The fourteenth conference of the International Association of Hispanists was held in New York, at the Graduate Center of the City University of New York, 365 Fifth Avenue, from the 16th to the 21st of July, 2001. There were more than 550 participants, arriving from some thirty countries from the Americas, Europe, Asia, Africa and Australia, countries as disparate with regard to Hispanism as Mexico and Venezuela on the one hand and India and Japan on the other. The inaugural act took place on Monday, June 16th, at 10.00 a.m. and boasted the attendance of the City University and the Graduate Center administrative authorities, the Duke and Duchess of Soria, honorary members of the AIH, and the diplomatic corps of Mexico and Spain.

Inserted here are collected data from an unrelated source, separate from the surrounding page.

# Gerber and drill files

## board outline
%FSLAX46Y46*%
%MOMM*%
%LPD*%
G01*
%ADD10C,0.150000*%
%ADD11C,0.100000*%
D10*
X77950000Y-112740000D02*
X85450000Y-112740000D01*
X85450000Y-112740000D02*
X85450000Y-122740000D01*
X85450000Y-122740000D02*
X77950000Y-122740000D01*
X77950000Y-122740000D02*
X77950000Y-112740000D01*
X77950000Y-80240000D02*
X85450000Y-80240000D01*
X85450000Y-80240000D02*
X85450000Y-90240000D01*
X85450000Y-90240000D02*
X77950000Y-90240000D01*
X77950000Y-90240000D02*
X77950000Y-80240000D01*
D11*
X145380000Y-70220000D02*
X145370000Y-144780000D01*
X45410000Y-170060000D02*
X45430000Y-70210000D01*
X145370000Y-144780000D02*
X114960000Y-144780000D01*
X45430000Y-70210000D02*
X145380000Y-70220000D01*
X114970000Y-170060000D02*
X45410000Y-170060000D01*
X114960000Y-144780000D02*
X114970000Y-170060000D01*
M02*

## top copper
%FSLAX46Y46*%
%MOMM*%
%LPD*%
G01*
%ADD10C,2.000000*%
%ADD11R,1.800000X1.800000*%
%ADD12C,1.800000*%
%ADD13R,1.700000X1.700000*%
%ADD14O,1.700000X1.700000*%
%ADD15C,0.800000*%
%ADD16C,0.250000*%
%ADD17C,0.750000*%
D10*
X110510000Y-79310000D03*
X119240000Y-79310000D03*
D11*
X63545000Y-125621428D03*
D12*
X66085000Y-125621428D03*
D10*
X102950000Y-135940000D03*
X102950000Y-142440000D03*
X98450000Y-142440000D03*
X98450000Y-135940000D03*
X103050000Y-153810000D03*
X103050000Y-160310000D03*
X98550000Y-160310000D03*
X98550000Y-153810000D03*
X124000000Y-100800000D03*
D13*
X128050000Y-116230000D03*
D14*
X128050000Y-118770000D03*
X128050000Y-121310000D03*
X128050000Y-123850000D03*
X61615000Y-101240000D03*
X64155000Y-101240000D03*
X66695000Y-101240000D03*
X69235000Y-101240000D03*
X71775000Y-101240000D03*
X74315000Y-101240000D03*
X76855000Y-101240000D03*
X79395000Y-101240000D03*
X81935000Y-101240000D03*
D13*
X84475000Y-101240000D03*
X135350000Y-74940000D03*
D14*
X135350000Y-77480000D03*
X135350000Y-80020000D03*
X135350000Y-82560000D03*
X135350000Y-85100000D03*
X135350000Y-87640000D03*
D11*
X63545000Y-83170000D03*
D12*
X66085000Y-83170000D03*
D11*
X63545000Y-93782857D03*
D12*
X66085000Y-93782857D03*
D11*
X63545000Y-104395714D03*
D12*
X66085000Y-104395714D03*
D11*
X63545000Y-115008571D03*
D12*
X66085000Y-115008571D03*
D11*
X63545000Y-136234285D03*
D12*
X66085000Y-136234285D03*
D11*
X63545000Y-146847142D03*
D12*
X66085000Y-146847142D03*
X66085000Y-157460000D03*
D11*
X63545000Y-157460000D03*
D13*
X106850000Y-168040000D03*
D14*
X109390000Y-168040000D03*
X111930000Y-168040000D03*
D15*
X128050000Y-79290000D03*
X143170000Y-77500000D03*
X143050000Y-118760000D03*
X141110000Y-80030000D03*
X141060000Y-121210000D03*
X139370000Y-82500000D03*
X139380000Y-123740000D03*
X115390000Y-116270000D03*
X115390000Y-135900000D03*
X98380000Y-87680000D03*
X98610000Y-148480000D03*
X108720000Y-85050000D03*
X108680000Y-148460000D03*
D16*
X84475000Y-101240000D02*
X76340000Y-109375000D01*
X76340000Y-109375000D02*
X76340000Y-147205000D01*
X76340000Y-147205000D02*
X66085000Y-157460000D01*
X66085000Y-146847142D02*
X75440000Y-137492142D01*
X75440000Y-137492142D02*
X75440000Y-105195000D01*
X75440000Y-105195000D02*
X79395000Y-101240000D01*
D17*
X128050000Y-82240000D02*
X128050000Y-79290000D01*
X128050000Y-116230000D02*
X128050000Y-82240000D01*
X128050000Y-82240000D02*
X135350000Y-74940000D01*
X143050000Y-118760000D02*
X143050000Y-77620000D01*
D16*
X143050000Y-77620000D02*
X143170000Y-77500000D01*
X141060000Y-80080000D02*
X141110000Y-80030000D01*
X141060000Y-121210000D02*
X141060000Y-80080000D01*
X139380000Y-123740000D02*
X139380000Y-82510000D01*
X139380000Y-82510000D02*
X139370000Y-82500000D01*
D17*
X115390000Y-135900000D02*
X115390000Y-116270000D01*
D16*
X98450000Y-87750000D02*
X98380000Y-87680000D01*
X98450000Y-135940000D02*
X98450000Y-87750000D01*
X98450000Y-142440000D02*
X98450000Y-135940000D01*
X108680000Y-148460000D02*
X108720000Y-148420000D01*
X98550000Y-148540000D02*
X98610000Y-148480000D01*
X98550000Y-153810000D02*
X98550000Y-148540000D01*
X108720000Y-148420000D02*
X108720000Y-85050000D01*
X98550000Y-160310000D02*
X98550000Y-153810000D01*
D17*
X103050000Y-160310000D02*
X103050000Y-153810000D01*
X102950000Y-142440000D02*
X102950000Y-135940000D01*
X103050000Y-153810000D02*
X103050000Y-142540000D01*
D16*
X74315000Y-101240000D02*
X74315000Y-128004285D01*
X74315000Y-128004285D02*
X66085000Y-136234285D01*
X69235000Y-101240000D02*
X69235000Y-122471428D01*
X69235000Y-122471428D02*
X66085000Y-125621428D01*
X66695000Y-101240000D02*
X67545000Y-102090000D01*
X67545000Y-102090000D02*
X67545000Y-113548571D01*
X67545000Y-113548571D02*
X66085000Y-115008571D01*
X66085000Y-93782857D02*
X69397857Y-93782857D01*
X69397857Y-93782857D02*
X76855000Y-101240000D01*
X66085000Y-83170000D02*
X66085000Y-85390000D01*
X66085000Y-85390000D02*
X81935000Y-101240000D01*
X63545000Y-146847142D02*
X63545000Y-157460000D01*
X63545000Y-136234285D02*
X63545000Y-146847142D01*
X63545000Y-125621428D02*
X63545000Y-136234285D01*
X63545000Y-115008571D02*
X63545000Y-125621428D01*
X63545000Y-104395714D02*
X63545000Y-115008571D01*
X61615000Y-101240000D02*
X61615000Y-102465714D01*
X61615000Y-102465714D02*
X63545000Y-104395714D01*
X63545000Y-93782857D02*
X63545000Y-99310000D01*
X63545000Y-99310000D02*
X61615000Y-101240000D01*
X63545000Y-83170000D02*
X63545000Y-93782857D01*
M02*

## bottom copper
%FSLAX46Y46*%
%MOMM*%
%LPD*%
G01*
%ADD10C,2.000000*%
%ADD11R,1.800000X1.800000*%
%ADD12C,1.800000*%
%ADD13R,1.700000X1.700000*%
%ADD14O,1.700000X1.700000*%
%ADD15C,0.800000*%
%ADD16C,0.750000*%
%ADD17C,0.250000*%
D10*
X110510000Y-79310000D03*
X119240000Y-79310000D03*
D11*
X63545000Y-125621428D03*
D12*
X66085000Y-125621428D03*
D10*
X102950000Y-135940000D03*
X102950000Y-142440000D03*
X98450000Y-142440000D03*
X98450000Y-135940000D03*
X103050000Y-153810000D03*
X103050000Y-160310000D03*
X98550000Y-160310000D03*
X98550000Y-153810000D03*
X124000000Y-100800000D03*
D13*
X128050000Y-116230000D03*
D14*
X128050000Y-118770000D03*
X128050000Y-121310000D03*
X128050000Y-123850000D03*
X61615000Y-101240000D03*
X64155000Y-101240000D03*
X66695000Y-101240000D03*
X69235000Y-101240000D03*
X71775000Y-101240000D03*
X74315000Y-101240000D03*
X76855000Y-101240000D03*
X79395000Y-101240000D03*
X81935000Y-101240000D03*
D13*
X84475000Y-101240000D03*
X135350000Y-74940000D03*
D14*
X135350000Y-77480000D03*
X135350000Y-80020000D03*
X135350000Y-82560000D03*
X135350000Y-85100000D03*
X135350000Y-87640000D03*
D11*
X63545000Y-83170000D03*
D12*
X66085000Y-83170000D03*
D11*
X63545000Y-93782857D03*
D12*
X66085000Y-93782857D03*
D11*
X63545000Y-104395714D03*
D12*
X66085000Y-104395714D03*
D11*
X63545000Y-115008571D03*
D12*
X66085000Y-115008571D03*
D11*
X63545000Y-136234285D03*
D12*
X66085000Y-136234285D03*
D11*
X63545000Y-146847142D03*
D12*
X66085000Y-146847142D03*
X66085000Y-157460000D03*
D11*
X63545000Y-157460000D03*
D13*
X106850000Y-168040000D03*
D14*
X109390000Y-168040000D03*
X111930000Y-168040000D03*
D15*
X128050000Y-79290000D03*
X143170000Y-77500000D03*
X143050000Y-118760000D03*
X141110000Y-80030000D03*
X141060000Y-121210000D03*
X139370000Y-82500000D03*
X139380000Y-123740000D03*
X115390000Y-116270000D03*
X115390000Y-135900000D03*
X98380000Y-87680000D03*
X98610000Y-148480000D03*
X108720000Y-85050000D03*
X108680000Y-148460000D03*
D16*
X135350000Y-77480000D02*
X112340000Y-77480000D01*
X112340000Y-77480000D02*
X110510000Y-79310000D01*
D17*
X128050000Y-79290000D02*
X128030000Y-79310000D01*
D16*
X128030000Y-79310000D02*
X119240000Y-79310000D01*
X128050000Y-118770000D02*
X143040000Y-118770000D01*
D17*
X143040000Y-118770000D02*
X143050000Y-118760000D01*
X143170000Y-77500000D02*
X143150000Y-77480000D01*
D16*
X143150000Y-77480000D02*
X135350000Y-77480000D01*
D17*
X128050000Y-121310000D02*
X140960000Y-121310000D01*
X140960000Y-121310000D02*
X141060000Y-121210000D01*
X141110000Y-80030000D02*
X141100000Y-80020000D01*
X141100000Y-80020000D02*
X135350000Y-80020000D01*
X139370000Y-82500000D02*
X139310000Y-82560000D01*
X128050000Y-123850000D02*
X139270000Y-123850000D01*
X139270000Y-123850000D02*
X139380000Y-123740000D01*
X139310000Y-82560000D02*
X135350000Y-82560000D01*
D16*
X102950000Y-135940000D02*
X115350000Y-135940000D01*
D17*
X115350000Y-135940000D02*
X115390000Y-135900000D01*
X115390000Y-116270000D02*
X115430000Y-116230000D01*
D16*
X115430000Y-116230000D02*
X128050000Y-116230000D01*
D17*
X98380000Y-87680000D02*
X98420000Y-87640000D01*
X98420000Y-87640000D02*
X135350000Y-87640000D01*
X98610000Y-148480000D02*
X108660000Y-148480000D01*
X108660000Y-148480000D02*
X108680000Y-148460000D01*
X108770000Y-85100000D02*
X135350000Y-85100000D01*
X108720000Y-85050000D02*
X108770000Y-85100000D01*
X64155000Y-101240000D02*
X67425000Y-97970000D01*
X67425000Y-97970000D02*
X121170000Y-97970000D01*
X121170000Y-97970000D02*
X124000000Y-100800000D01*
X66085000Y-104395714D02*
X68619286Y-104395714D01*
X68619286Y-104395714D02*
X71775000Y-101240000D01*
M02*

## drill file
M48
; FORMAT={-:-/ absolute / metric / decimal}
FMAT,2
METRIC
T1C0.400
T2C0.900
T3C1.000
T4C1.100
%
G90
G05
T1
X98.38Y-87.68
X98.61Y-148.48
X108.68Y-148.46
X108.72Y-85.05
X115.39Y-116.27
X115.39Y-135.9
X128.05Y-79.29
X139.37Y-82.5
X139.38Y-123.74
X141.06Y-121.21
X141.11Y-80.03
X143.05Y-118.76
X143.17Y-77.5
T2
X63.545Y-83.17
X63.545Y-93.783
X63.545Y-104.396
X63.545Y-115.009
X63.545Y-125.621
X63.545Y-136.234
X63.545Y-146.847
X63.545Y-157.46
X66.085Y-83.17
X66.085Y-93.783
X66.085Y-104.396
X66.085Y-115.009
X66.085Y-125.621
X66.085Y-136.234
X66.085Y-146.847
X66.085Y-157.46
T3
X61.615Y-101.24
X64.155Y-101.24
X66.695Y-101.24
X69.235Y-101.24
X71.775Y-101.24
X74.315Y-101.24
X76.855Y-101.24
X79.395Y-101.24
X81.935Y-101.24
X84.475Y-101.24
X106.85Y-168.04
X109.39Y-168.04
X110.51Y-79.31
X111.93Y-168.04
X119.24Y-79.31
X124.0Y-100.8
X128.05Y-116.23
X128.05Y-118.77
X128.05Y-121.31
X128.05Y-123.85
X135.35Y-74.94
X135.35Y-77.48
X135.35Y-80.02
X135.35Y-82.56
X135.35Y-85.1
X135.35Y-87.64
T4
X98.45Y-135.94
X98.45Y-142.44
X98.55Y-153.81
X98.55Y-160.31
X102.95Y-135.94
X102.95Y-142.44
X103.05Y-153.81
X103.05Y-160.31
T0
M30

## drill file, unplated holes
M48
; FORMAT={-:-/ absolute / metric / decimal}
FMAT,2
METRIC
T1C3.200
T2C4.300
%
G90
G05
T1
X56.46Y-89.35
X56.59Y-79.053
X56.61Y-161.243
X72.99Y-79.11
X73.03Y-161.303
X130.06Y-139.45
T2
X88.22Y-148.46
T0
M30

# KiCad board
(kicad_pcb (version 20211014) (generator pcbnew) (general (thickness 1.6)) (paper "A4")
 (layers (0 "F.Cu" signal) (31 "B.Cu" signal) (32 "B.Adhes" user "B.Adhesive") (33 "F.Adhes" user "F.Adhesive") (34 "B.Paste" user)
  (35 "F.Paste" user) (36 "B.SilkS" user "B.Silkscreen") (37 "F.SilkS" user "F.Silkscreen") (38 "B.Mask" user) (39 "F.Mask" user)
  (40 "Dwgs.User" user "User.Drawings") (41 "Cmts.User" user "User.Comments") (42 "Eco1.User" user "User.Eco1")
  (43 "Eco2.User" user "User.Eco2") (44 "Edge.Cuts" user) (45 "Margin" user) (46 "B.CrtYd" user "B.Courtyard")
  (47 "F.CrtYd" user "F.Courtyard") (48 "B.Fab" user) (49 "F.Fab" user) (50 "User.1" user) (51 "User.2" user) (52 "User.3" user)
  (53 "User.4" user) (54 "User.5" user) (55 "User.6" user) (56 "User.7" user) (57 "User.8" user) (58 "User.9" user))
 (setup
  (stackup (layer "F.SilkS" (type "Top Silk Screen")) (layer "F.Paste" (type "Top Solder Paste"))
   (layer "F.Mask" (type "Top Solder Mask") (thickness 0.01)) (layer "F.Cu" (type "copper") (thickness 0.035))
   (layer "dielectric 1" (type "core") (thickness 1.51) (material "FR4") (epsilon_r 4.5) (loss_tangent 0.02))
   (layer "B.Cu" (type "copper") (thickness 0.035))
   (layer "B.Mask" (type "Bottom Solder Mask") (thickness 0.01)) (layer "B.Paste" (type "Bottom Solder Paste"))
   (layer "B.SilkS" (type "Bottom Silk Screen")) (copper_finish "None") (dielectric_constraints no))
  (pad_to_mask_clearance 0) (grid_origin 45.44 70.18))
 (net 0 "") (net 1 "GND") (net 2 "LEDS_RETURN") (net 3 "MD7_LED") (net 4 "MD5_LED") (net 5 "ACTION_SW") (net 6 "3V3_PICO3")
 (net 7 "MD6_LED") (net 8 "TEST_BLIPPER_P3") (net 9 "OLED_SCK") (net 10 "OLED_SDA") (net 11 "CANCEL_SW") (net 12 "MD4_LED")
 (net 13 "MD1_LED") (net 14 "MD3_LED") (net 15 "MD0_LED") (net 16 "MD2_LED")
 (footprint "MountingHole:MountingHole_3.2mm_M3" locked (layer "F.Cu") (at 130.06 139.450113)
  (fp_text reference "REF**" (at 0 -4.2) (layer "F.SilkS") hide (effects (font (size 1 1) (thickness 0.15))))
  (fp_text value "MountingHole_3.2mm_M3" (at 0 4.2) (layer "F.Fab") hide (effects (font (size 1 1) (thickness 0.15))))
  (pad "" np_thru_hole circle locked (at 0 0) (size 3.2 3.2) (drill 3.2) (layers *.Cu *.Mask)))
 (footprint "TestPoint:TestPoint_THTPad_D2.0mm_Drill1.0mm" (layer "F.Cu") (at 119.24 79.31)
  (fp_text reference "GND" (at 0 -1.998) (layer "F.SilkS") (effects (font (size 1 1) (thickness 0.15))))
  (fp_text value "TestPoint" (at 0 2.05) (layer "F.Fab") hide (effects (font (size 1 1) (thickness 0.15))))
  (pad "1" thru_hole circle (at 0 0) (size 2 2) (drill 1) (layers *.Cu *.Mask) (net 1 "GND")))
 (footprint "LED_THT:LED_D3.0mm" (layer "F.Cu") (at 63.545 115.008571)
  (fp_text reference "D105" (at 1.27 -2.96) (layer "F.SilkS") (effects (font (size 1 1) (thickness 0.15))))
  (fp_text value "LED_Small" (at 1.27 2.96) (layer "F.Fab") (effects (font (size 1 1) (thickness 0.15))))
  (pad "1" thru_hole rect (at 0 0) (size 1.8 1.8) (drill 0.9) (layers *.Cu *.Mask) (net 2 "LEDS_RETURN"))
  (pad "2" thru_hole circle (at 2.54 0) (size 1.8 1.8) (drill 0.9) (layers *.Cu *.Mask) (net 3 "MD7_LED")))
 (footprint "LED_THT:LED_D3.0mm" (layer "F.Cu") (at 63.545 104.395714)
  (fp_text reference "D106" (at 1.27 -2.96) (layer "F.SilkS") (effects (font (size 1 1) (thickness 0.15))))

In addition to six key-note speeches and fourteen simultaneous sessions of papers on themes and topics related to Hispanic languages, literatures and cultures, there were other activities hosted by the many institutions that share New York's cultural space with the Graduate Center: an exhibition of rare Hispanic books and manuscripts, organized by John O'Neill at the Hispanic Society with the title, Literary Treasures: Books and Manuscripts from the Library of the Hispanic Society of America; the exhibits Pintura Metarrealista in the Spanish Institute; Weightless Time. Photographs of Miguel Morales, in the Mexican Cultural Institute, and The Quijote in the World. Title-pages of Editions of the Quijote, organized by the Center for Cervantine Studies of the University of Alcala de Henares (Spain), in the Graduate Center. Furthermore, the Graduate Center also presented an exhibition of books and magazines of Hispanic studies that were of interest to specialists as well as the general public.

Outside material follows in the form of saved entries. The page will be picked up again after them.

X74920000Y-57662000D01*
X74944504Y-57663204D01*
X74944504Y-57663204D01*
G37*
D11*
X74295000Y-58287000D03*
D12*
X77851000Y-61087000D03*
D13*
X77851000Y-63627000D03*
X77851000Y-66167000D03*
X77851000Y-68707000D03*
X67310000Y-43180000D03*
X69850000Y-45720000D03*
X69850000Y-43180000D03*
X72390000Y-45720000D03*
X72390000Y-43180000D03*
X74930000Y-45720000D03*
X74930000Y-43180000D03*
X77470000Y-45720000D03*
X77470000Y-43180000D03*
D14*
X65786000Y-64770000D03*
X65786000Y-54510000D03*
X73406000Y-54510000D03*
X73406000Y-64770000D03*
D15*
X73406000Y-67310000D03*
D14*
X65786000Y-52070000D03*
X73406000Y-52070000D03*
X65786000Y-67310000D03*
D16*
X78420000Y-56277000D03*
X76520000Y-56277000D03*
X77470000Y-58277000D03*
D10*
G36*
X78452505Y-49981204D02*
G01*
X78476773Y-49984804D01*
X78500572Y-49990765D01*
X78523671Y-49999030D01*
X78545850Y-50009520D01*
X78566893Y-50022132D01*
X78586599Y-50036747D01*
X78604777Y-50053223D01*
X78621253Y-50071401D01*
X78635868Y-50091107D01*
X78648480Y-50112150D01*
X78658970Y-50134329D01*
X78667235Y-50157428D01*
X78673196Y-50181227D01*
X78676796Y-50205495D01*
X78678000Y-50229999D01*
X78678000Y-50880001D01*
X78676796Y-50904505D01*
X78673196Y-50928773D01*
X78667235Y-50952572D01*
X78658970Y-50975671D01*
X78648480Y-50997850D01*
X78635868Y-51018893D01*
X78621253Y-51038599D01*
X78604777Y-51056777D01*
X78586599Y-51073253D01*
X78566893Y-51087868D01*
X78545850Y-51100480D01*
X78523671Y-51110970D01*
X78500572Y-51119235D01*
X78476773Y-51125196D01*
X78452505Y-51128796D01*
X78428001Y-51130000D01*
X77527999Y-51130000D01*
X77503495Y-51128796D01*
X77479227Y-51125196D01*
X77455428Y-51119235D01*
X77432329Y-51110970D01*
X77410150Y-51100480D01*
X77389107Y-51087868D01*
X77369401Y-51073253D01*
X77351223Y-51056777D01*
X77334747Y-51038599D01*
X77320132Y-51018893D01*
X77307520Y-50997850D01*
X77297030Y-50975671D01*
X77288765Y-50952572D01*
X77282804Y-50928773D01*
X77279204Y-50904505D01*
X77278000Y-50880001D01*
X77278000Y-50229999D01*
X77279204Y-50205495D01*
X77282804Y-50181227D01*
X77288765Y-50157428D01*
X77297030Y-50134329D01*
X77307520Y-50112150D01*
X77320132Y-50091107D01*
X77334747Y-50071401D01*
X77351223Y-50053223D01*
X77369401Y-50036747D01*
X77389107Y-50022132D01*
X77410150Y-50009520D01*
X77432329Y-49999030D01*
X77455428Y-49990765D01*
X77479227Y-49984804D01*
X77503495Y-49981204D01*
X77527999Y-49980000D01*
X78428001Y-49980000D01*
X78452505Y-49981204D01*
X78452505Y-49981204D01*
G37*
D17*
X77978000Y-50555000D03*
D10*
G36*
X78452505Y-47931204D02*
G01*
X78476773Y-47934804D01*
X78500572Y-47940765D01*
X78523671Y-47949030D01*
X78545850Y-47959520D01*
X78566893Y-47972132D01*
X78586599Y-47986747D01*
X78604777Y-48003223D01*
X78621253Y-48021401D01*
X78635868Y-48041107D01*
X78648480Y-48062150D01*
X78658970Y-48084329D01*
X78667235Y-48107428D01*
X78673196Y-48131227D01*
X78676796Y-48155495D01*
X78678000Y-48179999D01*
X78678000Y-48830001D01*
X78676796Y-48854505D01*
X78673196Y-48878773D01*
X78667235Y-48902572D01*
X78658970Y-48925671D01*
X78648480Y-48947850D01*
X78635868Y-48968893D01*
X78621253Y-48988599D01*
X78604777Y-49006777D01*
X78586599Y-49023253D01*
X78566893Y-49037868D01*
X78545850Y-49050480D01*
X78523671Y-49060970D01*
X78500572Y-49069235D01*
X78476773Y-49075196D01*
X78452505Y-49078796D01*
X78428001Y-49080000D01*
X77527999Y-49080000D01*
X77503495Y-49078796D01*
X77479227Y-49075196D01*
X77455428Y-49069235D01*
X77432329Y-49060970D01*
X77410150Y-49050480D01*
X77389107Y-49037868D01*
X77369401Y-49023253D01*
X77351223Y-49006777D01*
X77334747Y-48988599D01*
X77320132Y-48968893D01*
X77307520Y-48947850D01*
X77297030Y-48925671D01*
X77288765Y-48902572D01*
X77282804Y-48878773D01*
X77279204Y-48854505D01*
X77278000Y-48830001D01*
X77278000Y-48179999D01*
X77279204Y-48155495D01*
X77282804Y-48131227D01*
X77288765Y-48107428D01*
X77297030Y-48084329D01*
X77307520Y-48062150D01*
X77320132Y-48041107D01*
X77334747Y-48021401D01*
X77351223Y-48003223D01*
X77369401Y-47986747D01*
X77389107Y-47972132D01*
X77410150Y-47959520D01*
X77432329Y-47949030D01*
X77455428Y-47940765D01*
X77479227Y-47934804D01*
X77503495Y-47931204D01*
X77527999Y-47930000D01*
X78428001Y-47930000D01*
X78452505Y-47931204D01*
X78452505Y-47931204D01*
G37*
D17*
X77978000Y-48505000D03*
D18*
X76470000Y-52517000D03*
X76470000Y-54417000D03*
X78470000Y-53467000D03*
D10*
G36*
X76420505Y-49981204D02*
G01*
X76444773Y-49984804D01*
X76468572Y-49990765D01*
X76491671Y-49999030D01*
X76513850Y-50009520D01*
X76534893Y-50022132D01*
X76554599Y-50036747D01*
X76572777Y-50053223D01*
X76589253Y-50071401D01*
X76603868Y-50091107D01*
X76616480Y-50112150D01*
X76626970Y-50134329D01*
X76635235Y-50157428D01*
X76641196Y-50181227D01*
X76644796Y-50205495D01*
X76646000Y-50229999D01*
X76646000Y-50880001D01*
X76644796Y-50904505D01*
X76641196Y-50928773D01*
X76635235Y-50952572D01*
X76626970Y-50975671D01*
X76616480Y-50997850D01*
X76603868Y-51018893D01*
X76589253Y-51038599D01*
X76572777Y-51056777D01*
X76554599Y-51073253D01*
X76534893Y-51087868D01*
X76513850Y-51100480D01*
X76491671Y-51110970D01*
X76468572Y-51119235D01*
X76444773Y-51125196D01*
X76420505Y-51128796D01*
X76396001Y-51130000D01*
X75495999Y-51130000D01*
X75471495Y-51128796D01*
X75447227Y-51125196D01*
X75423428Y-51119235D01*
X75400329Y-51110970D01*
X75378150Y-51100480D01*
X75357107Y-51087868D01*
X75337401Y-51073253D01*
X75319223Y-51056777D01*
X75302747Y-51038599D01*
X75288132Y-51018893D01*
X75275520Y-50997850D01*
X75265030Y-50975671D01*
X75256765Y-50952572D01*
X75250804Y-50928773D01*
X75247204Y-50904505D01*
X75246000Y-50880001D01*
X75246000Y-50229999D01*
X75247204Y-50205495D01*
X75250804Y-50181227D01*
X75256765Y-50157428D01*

The AIH was founded in Oxford in 1962, and once again brought together in this international conference all those specialists who are interested in the study of themes and problems related to Hispanic languages, literatures and cultures throughout the world. As in all of its triennial conferences, in this fourteenth conference readings and interpretations of Hispanic texts were developed in a multicultural and interdisciplinary framework, in which Hispanism's long-standing philological and historical methods alternated with the most recent theoretical focuses from which Hispanic texts are studied these days. The cultural diversity of the members of the AIH was manifest in the plurality of perspectives with which Latin American and Spanish literature is studied currently, not only in the United States, the country which hosted the conference this year, but in an authentically international ambience. This New York conference awakened the same interest in Hispanic studies and in Hispanism in general as did the thirteenth conference in Madrid in July of 1998, inaugurated by the King and Queen of Spain.